If you’re a self-employed individual who is considering filing for bankruptcy, you need to understand how to categorize and report your assets accordingly to avoid issues.
Business Assets Must Be Disclosed In Bankruptcy
No matter what type of business you own or how your business is categorized (incorporated or sole-proprietorship) it is considered an asset. When you file for bankruptcy all assets must be disclosed to the bankruptcy court. Common examples of business assets include:
- Cash
- Investments
- Accounts receivable
- Inventory
- Equipment
- Furniture
- Vehicles
Business owners must disclose all of their assets, whether those assets are in their personal name or a business name because they have access to them.
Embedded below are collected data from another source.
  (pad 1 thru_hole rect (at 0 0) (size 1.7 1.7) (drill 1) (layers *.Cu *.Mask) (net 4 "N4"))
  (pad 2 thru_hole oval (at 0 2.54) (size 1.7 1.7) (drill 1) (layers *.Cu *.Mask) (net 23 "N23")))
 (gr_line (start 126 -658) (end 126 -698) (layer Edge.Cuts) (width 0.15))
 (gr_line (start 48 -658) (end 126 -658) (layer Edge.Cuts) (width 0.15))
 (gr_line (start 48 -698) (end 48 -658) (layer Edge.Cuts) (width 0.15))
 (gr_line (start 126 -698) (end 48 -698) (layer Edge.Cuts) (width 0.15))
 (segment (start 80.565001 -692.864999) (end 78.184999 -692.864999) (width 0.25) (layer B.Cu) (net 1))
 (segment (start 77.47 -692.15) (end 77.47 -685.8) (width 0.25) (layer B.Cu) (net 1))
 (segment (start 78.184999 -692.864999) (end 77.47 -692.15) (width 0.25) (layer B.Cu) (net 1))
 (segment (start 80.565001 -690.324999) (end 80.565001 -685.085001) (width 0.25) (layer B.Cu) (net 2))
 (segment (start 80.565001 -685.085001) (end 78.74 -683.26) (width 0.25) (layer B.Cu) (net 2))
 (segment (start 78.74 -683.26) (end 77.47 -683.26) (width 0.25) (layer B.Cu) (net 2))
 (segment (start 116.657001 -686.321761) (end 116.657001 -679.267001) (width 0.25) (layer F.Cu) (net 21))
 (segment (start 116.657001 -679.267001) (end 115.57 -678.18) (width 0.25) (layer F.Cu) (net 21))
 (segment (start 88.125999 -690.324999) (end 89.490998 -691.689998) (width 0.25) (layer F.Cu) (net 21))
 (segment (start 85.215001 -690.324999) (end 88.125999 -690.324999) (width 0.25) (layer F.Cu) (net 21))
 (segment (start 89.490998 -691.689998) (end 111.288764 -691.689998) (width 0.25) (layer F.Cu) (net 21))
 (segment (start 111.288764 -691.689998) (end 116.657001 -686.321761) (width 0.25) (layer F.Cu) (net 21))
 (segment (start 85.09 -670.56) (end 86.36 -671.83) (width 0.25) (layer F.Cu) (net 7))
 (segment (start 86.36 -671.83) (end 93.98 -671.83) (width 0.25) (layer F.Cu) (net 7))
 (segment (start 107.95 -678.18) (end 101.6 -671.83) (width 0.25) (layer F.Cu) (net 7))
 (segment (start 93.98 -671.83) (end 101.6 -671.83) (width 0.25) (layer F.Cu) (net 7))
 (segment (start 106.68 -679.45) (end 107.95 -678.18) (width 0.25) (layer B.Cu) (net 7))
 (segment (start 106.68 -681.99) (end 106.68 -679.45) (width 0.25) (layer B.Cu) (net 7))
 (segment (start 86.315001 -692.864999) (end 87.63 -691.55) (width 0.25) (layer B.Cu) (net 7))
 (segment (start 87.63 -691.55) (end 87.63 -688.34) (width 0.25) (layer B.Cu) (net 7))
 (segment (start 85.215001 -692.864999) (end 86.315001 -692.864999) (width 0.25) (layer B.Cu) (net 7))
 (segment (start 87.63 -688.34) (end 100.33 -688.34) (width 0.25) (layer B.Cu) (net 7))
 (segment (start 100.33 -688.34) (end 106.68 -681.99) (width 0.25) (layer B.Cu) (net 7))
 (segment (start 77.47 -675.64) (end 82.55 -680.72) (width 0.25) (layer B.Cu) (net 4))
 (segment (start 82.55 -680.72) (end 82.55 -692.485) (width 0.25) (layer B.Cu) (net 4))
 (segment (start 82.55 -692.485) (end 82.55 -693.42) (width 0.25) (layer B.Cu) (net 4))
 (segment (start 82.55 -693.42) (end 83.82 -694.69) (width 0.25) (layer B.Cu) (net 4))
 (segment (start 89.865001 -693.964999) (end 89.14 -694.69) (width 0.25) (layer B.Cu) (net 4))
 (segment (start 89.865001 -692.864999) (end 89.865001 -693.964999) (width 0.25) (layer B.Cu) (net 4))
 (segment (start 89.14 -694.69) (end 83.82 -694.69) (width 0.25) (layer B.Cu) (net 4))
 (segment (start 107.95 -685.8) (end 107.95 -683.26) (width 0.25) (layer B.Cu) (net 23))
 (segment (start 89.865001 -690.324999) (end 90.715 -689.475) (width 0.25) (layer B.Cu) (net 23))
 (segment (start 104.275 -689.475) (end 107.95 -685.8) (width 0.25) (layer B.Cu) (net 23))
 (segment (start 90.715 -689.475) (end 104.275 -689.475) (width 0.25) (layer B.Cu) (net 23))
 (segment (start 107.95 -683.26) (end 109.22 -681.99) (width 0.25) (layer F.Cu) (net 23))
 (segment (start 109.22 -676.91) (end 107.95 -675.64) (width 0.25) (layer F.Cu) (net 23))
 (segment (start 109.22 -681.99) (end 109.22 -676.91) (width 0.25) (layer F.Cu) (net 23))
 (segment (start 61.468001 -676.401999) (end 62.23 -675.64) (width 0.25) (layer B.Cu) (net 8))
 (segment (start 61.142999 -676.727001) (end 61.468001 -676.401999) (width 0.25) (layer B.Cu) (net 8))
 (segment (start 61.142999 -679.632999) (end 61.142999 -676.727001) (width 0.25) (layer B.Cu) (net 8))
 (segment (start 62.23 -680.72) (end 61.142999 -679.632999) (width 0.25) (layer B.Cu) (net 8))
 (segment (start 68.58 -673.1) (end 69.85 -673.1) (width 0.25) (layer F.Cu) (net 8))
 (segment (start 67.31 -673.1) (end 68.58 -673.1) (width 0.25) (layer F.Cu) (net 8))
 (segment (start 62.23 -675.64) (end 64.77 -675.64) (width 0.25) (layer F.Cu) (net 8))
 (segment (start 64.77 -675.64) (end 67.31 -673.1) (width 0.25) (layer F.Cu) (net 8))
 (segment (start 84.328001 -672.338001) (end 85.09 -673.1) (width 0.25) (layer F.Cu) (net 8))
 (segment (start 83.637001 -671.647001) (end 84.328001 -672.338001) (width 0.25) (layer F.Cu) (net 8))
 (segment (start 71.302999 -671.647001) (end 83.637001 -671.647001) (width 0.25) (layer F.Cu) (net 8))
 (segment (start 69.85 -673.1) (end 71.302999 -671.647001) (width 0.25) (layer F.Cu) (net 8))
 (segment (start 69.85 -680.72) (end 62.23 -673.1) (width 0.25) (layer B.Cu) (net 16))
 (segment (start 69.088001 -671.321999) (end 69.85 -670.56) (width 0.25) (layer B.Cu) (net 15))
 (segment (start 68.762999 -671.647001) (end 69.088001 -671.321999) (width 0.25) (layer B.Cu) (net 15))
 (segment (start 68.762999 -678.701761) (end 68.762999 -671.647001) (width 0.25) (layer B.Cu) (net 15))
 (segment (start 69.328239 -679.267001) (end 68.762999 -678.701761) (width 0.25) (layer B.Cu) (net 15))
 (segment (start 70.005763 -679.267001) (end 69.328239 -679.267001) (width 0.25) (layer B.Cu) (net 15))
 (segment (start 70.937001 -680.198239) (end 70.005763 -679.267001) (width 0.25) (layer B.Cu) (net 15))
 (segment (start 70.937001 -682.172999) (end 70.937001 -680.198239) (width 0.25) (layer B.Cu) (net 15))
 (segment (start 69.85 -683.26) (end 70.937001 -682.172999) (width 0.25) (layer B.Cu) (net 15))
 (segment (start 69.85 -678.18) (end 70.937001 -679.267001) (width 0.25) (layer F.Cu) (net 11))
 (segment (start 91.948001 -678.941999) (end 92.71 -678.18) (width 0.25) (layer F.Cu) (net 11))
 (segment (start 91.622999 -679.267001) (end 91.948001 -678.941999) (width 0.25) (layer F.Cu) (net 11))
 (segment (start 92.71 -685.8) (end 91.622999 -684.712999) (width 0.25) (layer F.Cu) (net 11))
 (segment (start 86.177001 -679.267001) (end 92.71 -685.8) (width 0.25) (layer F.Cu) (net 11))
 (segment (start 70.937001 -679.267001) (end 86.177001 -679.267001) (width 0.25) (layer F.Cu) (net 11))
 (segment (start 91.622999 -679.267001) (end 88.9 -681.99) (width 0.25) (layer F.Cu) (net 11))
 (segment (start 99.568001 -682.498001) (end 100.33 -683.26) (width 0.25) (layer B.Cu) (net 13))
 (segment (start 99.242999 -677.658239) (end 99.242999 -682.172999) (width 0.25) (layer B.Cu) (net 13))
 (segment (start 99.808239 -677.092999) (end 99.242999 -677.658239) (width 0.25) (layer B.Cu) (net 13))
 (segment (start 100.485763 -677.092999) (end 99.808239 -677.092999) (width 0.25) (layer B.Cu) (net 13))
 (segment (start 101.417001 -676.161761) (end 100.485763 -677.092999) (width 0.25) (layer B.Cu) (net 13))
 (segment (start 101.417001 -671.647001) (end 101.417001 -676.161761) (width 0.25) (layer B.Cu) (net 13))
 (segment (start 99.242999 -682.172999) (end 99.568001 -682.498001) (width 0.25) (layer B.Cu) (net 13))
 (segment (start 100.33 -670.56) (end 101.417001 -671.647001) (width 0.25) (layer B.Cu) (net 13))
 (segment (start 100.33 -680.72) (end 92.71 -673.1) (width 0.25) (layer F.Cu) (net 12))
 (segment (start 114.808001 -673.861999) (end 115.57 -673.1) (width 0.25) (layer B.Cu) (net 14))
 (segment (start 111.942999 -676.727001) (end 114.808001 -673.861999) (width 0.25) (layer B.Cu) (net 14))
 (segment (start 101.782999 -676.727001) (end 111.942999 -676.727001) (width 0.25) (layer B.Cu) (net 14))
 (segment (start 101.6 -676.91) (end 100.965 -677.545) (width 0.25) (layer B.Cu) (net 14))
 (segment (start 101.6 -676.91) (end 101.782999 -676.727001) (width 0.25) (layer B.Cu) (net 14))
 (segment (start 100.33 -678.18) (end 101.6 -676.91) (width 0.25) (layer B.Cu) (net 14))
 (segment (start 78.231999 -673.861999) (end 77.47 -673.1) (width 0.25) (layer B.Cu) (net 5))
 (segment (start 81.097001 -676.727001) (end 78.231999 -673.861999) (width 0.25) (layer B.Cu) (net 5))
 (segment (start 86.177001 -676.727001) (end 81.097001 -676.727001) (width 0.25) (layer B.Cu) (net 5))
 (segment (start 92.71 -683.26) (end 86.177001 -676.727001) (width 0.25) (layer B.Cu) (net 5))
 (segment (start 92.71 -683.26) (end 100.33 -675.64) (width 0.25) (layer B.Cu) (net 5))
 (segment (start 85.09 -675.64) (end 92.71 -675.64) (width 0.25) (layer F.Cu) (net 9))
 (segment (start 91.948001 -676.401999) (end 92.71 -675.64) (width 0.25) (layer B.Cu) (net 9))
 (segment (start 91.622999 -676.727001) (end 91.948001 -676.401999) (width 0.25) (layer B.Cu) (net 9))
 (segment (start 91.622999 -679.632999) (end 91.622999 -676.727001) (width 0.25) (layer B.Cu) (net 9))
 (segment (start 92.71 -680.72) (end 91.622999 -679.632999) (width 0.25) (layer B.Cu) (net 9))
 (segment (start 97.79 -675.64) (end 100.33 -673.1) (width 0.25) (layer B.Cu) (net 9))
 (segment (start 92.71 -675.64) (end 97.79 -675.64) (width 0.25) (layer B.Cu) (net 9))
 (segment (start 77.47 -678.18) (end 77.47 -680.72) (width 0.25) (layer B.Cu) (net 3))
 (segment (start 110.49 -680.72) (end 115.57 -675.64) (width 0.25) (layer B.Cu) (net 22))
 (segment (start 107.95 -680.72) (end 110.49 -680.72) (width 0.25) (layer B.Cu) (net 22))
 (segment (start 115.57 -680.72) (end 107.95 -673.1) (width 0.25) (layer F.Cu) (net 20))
If you fail to disclose assets during bankruptcy you can face criminal charges including up to $250,000 in fines and up to 20 years in prison.
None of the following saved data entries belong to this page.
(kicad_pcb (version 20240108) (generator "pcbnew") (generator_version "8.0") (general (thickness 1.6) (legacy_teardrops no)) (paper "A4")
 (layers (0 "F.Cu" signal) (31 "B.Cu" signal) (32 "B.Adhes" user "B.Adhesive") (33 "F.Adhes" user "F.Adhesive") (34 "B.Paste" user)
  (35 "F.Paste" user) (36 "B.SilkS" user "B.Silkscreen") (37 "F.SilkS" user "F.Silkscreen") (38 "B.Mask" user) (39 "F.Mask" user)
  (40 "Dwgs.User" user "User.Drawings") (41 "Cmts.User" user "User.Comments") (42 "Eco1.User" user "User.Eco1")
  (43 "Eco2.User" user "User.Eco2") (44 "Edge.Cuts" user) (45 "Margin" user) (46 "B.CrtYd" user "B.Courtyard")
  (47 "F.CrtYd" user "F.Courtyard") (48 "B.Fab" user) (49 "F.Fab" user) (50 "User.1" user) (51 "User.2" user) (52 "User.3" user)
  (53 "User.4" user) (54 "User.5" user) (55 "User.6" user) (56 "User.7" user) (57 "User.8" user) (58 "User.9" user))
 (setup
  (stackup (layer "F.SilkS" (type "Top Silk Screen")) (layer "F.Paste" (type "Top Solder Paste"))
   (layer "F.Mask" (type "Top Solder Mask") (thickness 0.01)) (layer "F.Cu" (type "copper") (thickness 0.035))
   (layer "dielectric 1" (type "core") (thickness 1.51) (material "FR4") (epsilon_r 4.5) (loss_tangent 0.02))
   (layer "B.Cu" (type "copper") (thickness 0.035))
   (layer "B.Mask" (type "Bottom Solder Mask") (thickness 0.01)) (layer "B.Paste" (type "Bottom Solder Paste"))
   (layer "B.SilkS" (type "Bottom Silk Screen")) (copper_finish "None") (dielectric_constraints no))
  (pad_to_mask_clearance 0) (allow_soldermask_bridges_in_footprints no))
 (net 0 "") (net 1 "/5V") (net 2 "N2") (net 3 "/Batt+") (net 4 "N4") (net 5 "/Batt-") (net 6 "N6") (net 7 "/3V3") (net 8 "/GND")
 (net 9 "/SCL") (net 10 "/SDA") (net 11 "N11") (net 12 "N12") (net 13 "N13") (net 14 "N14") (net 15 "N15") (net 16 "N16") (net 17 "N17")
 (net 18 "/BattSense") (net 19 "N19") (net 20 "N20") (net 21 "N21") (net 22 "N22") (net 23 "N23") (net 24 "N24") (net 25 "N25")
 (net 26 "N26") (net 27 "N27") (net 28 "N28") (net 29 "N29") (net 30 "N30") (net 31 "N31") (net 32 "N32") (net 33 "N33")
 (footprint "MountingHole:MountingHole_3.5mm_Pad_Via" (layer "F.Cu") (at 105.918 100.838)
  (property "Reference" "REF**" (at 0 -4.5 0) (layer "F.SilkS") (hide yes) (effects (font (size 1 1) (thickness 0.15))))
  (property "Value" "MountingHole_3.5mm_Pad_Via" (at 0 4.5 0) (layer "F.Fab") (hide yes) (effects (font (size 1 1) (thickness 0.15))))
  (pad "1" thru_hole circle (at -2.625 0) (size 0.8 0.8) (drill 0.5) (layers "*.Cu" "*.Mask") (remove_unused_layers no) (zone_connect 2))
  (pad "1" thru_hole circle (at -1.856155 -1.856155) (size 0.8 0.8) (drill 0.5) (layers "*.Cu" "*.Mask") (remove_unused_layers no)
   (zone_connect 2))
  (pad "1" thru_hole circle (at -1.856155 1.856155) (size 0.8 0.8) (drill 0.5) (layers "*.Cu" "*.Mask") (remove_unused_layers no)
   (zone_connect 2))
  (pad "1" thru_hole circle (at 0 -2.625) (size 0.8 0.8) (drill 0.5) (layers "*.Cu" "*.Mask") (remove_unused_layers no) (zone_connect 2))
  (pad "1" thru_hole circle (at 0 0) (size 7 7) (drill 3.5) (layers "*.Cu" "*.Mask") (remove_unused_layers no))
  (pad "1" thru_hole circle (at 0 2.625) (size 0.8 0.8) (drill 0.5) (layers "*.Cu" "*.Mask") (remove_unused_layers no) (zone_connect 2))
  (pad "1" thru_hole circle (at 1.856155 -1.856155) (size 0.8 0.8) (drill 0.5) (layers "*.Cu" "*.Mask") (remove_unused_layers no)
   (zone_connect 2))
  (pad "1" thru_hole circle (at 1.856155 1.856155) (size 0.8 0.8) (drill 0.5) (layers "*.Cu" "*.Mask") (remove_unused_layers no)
Are There Bankruptcy Exemptions in Louisiana?
When you file for bankruptcy in Louisiana, you’re allowed some exemptions. For example, many business owners have a skill, trade, or talent that benefits their business. The state of Louisiana assigns no value to such things. One of the most common exemptions taken by business owners is the tools of trade exemption. The tools of trade exemption allows individuals to keep non-luxury tools, vehicles, and books that they need to run their business.
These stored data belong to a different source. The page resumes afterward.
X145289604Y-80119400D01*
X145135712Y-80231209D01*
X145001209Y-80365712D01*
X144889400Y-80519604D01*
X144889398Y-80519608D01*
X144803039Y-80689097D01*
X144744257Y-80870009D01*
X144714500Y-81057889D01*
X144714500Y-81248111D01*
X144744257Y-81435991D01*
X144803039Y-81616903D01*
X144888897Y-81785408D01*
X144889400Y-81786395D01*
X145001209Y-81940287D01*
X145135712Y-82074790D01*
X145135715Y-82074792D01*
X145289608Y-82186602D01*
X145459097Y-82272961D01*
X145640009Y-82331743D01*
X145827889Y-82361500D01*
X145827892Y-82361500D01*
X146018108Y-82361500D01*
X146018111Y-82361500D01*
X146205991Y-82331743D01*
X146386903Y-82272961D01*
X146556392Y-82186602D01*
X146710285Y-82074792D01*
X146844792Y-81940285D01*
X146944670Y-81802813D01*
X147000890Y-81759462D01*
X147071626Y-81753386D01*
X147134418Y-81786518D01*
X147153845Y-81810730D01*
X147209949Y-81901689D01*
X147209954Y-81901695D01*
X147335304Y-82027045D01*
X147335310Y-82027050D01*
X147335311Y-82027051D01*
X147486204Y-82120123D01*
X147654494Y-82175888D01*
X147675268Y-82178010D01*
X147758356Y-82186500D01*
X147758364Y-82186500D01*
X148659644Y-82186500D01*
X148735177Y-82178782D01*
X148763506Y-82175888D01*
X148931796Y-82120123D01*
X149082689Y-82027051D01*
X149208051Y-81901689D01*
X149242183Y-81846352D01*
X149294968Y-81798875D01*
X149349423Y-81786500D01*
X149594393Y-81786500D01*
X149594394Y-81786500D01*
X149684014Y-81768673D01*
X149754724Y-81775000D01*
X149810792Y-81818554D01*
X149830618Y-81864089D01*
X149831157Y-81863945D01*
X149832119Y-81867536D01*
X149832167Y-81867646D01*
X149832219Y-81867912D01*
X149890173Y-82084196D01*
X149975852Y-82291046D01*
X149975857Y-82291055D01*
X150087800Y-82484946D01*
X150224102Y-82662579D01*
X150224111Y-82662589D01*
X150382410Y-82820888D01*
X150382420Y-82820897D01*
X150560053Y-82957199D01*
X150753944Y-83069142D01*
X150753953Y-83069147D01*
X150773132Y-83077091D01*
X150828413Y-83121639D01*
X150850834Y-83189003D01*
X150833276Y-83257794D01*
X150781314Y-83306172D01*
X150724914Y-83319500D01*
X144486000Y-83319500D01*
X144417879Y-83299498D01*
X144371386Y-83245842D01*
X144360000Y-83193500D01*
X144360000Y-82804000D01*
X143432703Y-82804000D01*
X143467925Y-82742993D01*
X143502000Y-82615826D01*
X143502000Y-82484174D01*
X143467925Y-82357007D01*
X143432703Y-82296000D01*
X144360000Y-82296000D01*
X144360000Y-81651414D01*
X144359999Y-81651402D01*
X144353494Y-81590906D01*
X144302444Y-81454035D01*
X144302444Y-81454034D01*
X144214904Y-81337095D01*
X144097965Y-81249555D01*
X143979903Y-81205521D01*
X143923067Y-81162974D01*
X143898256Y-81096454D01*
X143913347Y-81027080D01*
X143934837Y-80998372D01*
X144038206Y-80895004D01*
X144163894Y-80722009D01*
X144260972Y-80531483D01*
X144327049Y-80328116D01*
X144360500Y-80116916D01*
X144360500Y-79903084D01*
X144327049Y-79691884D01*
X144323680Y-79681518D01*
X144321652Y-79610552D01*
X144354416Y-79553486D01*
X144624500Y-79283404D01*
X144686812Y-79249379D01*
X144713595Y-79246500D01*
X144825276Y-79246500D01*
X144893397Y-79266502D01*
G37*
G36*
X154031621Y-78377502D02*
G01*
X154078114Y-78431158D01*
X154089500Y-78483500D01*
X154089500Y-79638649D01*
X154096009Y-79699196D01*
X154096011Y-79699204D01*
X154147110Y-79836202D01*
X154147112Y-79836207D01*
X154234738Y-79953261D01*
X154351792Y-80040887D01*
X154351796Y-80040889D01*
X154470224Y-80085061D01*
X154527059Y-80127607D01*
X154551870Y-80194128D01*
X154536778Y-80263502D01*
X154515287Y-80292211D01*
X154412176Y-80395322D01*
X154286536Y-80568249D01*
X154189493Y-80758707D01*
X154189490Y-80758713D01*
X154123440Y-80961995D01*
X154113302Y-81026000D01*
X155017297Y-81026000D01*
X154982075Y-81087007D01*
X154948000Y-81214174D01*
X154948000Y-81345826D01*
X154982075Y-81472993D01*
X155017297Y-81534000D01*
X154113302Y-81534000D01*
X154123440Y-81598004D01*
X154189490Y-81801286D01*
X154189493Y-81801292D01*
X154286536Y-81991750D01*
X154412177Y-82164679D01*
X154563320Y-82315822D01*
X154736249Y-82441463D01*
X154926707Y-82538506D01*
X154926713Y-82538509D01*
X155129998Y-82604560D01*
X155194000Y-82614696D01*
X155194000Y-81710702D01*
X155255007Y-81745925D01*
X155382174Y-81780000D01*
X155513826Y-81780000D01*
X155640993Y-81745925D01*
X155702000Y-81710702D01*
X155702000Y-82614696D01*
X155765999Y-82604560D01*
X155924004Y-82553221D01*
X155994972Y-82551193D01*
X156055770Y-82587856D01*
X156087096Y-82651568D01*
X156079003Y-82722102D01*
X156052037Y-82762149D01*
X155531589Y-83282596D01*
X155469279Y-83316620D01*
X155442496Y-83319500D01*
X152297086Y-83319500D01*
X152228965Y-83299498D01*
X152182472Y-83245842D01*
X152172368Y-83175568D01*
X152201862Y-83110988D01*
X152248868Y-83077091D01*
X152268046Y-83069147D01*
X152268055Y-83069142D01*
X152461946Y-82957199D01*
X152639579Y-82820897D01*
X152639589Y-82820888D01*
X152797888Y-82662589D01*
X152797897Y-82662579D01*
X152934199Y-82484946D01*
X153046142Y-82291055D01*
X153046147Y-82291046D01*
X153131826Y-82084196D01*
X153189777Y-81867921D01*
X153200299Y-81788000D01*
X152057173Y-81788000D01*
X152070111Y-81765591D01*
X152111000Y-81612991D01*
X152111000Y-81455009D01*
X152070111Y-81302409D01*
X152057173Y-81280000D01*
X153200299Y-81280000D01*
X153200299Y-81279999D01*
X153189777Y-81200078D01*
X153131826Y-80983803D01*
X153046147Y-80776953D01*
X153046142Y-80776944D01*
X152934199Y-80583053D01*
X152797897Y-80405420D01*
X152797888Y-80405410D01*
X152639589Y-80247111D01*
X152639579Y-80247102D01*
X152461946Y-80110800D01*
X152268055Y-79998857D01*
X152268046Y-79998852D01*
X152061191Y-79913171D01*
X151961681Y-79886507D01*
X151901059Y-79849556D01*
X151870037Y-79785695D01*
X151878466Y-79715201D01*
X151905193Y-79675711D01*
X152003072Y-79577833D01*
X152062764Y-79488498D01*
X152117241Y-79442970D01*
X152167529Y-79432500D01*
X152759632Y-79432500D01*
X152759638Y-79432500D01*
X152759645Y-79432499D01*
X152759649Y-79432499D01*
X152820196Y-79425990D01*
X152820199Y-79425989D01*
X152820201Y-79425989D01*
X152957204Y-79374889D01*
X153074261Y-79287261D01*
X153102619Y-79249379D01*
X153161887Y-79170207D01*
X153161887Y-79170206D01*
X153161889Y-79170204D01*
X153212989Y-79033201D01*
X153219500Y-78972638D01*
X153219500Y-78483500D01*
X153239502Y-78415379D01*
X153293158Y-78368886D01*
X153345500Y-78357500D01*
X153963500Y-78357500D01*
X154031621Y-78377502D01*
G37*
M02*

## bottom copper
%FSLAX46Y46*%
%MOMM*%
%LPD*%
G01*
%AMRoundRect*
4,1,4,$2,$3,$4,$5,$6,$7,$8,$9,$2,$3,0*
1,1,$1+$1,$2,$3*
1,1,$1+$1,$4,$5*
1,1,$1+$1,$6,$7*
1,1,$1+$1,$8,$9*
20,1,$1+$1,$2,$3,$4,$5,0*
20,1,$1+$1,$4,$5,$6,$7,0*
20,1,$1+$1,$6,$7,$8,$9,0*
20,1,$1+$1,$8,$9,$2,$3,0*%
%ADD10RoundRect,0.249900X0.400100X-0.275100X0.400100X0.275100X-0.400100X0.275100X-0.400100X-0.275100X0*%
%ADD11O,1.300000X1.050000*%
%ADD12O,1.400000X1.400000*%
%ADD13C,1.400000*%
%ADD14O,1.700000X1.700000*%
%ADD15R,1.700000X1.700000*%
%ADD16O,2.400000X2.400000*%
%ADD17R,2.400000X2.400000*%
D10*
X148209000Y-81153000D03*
Depending on the specific case, there might be other exemptions available for business owners. To best understand what exemptions you’re eligible for, the best course of action is talking to a trusted attorney. One of the other common questions business owners raise when filing bankruptcy is whether they should file for Chapter 7 or Chapter 13 bankruptcy.
Chapter 13 vs. Chapter 7 Bankruptcy for Business Owners
Most business owners file for Chapter 7 bankruptcy. However, there are situations when Chapter 13 bankruptcy is appropriate. When you file for Chapter 13 bankruptcy as a business owner, your personal assets are not at risk (although you must disclose them). Instead, you create a payment plan with your creditors to repay your debts.
If you speak with an attorney and learn that you qualify for Chapter 13 bankruptcy, it’s important to understand that all of your assets are safe.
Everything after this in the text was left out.